I am new to reshaping data frames. I have a df that I would like to make wider so I can use it in analysis such as cluster and NMDS. I have found several questions and (answers) related to how to reshape data containing primarily quantitative data (using aggregation functions), but in my case, my variables are all categorical.
As my df has a thousand rows and dozens of columns, I've created a toy df to use as an example. It looks like this:
df <- data.frame(
id=c("a","c", "a","b","d","c","e","d","c","a","a","e","a","b","d"),
color=c("red", "blue", "gray", "yellow", "green","green","blue","purple" ,"black","green","yellow","blue","red","yellow","gray"),
fruit=c("apple", "orange", "avocado", "strawberry", "banana", "apple", "orange", "avocado", "strawberry", "banana","banana", "strawberry", "watermelon", "lemon", "lemon" ),
country = c("Italy", "Spain", "Brazil", "Brazil", "Australia", "Italy", "Japan", "India", "USA", "Mexico", "USA", "Mexico", "Spain", "France", "France"),
animal=c("alligator", "camel", "alligator", "bat", "dolphin", "camel", "elephant", "dolphin", "camel", "alligator", "alligator", "elephant", "alligator", "bat", "dolphin"))

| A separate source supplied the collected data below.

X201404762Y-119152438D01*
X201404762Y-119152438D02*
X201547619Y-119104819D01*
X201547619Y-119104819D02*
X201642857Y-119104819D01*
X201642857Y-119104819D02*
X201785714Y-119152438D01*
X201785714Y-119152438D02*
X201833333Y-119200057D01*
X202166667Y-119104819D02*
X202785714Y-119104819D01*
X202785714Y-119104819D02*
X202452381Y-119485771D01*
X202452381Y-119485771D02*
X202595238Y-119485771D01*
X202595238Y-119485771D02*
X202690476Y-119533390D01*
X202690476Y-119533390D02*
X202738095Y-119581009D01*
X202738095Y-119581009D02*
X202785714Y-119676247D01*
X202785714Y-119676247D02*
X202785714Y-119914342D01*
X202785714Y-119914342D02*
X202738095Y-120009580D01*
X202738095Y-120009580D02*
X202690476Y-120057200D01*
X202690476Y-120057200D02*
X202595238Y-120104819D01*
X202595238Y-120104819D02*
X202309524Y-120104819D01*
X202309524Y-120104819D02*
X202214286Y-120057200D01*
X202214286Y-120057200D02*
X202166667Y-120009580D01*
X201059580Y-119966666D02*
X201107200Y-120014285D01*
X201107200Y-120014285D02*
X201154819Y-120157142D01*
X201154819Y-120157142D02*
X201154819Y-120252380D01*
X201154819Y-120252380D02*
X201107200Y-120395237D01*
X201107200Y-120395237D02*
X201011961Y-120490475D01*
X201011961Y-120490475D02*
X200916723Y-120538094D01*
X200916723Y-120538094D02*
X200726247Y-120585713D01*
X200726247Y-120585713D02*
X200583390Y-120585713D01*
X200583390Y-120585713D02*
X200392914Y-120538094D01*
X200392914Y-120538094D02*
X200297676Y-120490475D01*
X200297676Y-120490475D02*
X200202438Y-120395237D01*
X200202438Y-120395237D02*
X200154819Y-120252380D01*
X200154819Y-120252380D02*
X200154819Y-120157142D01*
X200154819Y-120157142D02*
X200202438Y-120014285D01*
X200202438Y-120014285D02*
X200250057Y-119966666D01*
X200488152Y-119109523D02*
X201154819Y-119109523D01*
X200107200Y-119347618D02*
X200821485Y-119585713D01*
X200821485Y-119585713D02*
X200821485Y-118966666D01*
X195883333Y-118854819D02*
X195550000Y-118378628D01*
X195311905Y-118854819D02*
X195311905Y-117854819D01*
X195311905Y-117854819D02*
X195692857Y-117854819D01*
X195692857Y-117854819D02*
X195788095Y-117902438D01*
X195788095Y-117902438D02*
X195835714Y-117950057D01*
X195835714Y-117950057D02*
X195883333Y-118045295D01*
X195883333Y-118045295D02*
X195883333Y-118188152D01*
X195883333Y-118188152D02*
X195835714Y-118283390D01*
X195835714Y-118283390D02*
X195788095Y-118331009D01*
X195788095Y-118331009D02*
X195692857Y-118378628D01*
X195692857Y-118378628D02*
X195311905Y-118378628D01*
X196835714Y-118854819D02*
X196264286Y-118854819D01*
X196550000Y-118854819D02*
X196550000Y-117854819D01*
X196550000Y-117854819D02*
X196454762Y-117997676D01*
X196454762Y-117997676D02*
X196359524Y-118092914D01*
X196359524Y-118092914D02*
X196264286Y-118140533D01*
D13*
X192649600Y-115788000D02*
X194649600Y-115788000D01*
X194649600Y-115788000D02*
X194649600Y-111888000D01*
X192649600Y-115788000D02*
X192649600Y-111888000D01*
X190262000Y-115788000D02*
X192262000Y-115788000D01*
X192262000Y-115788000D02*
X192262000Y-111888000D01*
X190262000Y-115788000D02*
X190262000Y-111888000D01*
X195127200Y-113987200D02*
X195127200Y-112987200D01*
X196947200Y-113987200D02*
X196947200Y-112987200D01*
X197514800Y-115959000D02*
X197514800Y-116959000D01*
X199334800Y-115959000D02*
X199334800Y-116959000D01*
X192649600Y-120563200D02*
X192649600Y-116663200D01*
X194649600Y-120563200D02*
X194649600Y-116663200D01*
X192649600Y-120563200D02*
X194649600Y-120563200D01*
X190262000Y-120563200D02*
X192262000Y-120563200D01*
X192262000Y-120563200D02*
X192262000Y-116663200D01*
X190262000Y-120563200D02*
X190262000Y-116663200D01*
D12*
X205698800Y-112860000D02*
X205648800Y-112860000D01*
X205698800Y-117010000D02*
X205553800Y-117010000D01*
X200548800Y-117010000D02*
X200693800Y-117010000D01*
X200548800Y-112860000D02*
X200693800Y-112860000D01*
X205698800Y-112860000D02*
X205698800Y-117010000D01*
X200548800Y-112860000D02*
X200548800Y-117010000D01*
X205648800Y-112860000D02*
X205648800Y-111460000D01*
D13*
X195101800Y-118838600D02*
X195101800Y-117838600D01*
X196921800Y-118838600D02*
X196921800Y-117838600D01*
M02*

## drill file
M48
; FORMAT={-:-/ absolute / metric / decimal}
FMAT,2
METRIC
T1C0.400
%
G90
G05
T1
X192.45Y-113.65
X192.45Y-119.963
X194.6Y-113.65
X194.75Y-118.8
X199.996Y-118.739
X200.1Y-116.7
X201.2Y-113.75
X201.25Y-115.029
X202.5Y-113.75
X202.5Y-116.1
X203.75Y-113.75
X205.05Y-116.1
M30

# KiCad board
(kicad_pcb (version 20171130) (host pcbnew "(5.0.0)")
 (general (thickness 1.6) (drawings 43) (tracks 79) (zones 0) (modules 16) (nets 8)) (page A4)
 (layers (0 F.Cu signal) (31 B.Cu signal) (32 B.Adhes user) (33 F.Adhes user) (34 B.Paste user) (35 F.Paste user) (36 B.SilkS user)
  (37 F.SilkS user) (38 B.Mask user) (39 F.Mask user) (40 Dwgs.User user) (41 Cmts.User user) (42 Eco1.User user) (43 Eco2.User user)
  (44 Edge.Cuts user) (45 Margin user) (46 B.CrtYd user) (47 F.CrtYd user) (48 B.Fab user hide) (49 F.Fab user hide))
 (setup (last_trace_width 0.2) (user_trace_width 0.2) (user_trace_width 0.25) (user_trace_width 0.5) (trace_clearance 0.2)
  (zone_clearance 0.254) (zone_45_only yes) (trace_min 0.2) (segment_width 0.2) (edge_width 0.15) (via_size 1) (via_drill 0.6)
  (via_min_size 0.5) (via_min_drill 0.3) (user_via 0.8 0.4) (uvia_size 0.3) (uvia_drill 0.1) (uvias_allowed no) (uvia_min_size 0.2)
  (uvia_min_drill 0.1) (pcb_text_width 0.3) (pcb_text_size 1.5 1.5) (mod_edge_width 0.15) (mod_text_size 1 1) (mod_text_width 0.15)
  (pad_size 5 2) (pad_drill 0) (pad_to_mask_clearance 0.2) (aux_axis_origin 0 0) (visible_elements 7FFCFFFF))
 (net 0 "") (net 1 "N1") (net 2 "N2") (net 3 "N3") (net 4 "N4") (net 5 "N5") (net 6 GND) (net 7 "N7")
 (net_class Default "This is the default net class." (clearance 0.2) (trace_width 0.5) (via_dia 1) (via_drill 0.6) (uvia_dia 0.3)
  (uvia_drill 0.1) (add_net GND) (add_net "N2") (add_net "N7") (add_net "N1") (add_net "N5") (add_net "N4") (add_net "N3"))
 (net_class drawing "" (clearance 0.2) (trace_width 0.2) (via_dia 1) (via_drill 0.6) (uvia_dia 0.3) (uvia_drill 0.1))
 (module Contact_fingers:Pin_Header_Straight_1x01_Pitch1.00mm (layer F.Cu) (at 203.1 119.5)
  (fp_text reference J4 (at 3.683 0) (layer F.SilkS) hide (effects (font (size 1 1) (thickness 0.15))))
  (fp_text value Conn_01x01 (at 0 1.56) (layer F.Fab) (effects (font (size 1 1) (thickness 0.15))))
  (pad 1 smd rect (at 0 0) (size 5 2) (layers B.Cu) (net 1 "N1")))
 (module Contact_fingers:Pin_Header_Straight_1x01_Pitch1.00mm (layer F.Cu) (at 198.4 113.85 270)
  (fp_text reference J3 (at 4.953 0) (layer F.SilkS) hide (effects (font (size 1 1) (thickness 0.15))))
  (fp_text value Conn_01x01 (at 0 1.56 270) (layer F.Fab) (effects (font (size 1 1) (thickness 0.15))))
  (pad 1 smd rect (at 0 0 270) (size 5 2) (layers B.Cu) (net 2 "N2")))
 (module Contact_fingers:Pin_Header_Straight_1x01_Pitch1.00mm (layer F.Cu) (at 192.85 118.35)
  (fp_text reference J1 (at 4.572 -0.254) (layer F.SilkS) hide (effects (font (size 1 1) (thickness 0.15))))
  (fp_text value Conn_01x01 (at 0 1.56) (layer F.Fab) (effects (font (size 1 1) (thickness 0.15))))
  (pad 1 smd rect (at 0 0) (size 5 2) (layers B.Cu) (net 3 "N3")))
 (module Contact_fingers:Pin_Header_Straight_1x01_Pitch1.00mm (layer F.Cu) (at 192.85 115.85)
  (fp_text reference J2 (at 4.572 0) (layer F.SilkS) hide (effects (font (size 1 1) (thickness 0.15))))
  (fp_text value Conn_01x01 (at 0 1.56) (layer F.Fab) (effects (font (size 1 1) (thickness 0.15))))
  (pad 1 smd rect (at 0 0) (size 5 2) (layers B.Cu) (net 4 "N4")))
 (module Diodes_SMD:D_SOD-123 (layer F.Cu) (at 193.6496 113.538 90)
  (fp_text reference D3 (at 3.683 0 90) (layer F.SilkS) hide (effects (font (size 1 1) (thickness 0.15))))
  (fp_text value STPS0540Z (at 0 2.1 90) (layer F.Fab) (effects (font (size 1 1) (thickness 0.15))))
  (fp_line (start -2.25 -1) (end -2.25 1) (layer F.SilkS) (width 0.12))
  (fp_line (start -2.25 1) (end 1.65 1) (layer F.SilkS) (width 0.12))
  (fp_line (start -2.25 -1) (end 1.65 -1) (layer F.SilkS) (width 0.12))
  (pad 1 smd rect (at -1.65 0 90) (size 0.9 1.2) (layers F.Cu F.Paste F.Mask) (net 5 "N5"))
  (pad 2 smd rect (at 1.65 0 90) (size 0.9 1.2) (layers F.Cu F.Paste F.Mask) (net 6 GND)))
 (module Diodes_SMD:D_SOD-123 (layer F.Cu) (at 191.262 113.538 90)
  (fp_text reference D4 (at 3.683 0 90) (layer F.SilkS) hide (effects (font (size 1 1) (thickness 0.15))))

I would like the column "id" to be the first in my reshaped data frame, "animal" to be the second, and then the levels of "color", "fruit", and "country". The point here is that I wanted them separated.
The code below shows some attempts I've made:
df <- dplyr::mutate_if(df,is.character,as.factor)
attach(df)
dcast(df, id ~ color,value.var = "id") #The output is exactly what I wanted!
dcast(df, id + animal ~ color,value.var = "id") #Exactly what I wanted!
dcast(df, id + animal ~ fruit,value.var = "id") #Exactly what I wanted!
dcast(df, id ~ country, value.var = "id") #Not the output I wanted. Only "works well" if I specify "fun.aggregate=length". Why?
dcast(df, id ~ color + country, value.var = "id") #Not the output what I wanted.
dcast(df, id + animal~ color + country, value.var = "id") #Not the output I wanted.
dcast(df, id + animal~ color + country + fruit, value.var = "id") #Not the output I wanted.
My expected reshaped df should look like this:
To achieve that, I've tried all commands below, but none of those worked well:
dcast(df, id + animal ~ color + country + fruit, fun.aggregate=length)
dcast(df, id + animal ~ c(color, country, fruit), fun.aggregate=length)
dcast(df, id + animal ~ c("color", "country", "fruit"), fun.aggregate=length)
dcast(df, id + animal ~ color:fruit, fun.aggregate=length)
I have also tried to do that using tidyr::pivot_wider, without success.
Is there a way to achieve my goal using reshape2::dcast or tidyr::pivot_wider, or any other function in R? I would appreciate it if you guys could help me. Thanks in advance.